Movement

 It has been a few days since I posted anything.  I guess that is a good sign, indicating nothing is such a problem that I have to get it out.  I'm trying to decide if I will continue this blog. No one is reading it anyway.  I have so much ahead of me....

Eureka!

 After two and a half months, many unanswered phone calls, and the frustration of not knowing when (or how much) my annuity would provide, it finally came through!  This is a huge relief!  I feel a lightness and joy knowing that my financial future is secure.  It came as a total surprise.  I log into my banking account every morning, and yesterday I had a big surprise.  All the back pay amounts were deposited.  It is not lost to me that it is a huge blessing that MH was able to provide me with this security.

Sobbing Tuesday

 Well, Tuesday was a pretty useless day unless you count sobbing from frustration as accomplishing something.  Today should be better since my sister is coming and spending a week with me.
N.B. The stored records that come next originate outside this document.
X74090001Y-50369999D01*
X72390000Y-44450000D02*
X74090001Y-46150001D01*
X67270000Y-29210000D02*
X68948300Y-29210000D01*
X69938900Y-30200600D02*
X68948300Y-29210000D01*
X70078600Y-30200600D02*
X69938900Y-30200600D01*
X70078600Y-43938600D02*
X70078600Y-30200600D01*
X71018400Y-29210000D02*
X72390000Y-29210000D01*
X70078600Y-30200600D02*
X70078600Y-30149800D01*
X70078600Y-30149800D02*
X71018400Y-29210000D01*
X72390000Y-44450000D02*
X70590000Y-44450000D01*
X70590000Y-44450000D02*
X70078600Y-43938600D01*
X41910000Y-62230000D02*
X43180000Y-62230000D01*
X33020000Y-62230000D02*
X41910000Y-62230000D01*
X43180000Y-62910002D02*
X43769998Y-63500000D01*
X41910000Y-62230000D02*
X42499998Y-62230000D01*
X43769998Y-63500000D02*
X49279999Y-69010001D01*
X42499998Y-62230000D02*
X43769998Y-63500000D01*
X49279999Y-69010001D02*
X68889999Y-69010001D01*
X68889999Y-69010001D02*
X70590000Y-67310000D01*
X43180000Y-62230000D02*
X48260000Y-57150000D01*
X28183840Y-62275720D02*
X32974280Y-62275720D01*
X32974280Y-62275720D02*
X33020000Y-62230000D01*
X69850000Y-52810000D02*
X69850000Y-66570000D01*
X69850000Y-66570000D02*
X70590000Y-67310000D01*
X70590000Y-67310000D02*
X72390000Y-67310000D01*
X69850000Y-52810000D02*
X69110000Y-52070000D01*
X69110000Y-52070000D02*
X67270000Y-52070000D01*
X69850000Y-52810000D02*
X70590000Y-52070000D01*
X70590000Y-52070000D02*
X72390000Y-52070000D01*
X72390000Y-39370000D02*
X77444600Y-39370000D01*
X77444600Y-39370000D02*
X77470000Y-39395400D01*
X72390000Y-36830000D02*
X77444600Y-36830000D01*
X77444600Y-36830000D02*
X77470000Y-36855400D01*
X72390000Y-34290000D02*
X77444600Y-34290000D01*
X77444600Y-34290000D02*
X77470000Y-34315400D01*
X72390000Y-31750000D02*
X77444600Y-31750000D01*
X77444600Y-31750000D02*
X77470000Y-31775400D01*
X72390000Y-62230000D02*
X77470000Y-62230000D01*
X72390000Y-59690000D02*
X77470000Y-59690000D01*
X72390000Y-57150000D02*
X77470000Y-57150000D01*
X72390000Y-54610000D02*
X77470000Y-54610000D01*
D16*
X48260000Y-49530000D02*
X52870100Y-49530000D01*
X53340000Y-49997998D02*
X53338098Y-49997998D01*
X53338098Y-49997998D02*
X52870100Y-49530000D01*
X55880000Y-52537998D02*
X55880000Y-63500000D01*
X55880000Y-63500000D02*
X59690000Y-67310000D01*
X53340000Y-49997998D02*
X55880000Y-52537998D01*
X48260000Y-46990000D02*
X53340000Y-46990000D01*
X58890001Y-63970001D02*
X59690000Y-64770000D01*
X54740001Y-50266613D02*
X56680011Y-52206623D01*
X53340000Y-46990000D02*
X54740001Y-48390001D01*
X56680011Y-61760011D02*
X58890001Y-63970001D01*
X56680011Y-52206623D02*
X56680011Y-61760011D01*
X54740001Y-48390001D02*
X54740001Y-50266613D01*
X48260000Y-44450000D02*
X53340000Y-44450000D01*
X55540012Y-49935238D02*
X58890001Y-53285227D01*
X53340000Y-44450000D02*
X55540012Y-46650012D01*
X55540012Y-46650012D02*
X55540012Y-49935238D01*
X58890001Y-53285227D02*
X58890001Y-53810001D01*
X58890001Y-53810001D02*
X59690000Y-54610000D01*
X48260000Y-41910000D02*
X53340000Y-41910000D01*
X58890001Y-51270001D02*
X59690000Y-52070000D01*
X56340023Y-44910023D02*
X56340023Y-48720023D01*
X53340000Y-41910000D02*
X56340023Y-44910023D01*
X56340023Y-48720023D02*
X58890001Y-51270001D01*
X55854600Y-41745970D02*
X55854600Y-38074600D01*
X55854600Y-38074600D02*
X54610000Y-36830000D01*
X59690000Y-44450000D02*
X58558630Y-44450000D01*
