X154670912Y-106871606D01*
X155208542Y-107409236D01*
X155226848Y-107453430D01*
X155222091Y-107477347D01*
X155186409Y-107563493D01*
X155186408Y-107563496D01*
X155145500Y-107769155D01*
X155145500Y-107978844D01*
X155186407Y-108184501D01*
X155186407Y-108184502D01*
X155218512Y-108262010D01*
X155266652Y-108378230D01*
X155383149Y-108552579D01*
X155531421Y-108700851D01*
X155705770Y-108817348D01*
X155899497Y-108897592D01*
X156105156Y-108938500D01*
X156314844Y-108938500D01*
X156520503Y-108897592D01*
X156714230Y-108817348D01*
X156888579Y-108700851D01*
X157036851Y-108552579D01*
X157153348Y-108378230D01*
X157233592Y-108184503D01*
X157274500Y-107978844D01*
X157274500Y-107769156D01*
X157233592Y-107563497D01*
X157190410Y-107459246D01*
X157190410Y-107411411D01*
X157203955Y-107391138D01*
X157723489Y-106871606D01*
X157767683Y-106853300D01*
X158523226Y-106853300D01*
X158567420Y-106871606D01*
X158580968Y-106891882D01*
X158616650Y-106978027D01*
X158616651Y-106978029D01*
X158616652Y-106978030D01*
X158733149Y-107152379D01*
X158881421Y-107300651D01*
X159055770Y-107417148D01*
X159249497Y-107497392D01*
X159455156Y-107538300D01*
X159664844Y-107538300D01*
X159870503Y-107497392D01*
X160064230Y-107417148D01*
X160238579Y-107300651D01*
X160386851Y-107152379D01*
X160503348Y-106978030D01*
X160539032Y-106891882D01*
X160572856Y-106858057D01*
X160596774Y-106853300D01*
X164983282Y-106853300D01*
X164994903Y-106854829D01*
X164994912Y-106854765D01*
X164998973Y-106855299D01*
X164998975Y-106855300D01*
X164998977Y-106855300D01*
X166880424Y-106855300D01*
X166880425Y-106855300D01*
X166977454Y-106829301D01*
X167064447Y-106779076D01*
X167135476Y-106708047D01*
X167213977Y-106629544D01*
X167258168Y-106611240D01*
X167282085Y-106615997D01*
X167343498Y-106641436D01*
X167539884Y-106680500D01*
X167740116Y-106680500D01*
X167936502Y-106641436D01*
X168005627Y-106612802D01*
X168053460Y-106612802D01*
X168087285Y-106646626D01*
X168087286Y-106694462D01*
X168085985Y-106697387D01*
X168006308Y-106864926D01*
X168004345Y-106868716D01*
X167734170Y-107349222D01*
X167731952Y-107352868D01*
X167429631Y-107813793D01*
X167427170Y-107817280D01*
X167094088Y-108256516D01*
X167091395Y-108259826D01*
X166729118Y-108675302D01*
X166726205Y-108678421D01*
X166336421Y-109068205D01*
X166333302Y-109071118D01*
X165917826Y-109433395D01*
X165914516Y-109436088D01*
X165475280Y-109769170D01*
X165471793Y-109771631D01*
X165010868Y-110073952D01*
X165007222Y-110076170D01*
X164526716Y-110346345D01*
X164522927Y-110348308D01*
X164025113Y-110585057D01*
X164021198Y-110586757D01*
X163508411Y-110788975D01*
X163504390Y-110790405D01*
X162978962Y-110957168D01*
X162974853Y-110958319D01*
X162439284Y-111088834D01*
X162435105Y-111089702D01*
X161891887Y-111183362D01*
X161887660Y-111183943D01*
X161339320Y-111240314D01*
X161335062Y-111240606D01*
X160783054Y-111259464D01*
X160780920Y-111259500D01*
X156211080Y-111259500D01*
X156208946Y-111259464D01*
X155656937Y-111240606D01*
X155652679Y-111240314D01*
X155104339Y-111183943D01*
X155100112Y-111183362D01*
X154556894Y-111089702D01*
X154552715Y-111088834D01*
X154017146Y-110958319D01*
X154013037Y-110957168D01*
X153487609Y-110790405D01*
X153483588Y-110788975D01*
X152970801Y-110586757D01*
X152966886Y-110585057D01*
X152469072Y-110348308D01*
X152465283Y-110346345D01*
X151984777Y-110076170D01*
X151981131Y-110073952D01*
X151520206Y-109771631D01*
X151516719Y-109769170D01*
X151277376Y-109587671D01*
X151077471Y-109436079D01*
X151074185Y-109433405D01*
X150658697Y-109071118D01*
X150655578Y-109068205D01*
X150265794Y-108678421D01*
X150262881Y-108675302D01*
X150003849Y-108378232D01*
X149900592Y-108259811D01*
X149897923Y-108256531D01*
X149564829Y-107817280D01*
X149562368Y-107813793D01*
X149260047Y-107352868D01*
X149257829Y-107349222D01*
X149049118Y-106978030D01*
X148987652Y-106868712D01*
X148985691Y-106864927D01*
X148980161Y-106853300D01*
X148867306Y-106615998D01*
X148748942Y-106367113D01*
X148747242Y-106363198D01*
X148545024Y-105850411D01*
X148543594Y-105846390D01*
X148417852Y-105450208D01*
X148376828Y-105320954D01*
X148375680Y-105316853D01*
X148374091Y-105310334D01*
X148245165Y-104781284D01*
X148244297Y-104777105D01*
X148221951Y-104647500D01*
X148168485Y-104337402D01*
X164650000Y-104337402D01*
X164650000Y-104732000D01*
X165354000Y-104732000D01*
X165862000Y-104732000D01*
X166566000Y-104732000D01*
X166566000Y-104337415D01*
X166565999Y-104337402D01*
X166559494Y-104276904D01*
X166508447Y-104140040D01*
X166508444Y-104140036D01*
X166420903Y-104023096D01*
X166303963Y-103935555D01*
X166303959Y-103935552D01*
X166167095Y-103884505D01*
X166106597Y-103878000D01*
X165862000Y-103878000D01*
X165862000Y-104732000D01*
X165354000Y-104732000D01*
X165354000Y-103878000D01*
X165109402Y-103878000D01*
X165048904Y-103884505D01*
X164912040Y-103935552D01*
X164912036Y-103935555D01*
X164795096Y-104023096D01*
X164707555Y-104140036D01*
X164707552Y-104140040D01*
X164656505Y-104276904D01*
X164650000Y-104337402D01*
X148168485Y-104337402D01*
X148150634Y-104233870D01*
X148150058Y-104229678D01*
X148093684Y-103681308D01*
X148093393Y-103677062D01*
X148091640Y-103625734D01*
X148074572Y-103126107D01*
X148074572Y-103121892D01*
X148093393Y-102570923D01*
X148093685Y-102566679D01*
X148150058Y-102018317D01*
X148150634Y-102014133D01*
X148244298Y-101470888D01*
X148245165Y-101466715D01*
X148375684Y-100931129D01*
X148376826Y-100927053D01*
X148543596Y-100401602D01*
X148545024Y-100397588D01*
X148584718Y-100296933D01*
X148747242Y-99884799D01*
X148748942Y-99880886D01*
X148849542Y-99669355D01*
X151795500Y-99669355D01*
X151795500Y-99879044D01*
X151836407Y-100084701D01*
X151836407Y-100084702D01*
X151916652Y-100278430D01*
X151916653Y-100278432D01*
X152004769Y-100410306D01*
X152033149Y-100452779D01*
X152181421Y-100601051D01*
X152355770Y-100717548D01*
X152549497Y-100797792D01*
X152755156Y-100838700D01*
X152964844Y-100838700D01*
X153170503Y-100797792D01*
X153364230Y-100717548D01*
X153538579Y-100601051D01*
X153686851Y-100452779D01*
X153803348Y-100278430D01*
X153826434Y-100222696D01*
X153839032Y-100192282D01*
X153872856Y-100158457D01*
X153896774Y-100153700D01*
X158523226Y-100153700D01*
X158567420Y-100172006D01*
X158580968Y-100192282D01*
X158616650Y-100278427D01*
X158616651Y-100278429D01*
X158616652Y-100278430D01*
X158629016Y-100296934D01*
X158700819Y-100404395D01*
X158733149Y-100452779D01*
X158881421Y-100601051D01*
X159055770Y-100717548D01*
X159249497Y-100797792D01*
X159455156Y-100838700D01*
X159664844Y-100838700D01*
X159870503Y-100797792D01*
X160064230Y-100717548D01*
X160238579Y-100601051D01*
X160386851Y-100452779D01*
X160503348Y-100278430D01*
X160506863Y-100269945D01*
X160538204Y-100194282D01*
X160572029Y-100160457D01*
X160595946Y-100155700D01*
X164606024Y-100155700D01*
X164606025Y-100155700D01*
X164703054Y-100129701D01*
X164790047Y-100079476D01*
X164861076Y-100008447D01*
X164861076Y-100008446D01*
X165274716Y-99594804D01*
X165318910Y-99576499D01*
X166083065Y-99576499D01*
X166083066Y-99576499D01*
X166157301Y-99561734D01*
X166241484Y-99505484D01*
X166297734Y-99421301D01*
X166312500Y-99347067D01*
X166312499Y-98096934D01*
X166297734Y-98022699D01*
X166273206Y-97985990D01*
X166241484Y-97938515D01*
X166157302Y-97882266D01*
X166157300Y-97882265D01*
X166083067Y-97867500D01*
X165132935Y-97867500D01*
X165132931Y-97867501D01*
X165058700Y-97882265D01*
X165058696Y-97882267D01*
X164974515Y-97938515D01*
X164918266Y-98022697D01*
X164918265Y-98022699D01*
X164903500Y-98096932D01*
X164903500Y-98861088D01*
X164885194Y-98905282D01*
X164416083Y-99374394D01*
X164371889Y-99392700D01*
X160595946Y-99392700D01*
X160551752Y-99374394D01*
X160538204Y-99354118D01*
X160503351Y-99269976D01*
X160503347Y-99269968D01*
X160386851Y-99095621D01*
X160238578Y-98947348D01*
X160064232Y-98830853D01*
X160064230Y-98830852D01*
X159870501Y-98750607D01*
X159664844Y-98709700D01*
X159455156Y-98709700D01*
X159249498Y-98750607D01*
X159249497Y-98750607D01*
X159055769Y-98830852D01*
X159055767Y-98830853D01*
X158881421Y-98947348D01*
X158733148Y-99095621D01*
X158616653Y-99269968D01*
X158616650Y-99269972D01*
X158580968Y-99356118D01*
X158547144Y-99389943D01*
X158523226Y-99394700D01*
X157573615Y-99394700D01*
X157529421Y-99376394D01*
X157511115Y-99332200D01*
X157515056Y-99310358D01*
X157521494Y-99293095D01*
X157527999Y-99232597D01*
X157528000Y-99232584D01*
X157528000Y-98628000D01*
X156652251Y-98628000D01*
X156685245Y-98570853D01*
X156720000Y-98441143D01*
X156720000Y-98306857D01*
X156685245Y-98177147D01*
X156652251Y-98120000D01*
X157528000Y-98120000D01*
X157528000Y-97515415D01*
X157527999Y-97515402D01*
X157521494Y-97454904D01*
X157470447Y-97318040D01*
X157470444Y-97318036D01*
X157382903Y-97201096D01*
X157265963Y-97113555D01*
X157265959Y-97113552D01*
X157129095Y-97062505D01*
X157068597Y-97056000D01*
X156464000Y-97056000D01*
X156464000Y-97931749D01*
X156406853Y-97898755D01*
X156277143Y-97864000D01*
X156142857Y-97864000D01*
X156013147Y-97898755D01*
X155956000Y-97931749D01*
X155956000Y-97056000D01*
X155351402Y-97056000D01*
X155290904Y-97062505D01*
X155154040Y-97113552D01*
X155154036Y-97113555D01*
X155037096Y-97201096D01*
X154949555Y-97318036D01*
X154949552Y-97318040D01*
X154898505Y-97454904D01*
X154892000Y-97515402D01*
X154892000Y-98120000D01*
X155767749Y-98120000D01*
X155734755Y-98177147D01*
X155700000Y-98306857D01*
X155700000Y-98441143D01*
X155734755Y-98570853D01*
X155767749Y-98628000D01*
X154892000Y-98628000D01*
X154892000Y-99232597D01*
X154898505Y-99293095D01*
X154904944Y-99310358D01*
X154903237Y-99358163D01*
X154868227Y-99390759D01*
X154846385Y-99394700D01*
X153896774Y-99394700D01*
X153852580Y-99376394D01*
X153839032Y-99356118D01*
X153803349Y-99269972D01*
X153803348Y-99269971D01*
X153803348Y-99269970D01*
I'm still trying to get someone to talk to me about my annuity.  No one can get through the phone line, and they do not return calls. I've been trying for weeks. I can't get through online either.  So frustrating!!!!!!!!!!!!!!!!!!!!!!!!!!!!!!!!!!!!!!!!!!!!!!!!!!!!!!!!!!!!!!!!!!!!!!!!!!!

Small Changes

 I am not the type of person who likes to show many private emotions, or worse, cry in public.  So, the past few months, I have really been out of my comfort zone.  The tears come as an unwelcome surprise. There are a few subjects where I know tears (eye leakage) will come, and one subject (MH's suffering) where it will be an ugly, blubbering cry.  It has improved, but I still have a ways to go.

*****

Yesterday, I mentioned something about my sewing room.  I love spending time in my sewing room. Sewing truly is therapy. A while back, nearly 2 years, I found MH at the point where he really had nothing to do all day.  It was sad to see, and he resisted every suggestion.  Finally, I got (tricked) him into sewing.  It worked. He enjoyed it and was doing really well. 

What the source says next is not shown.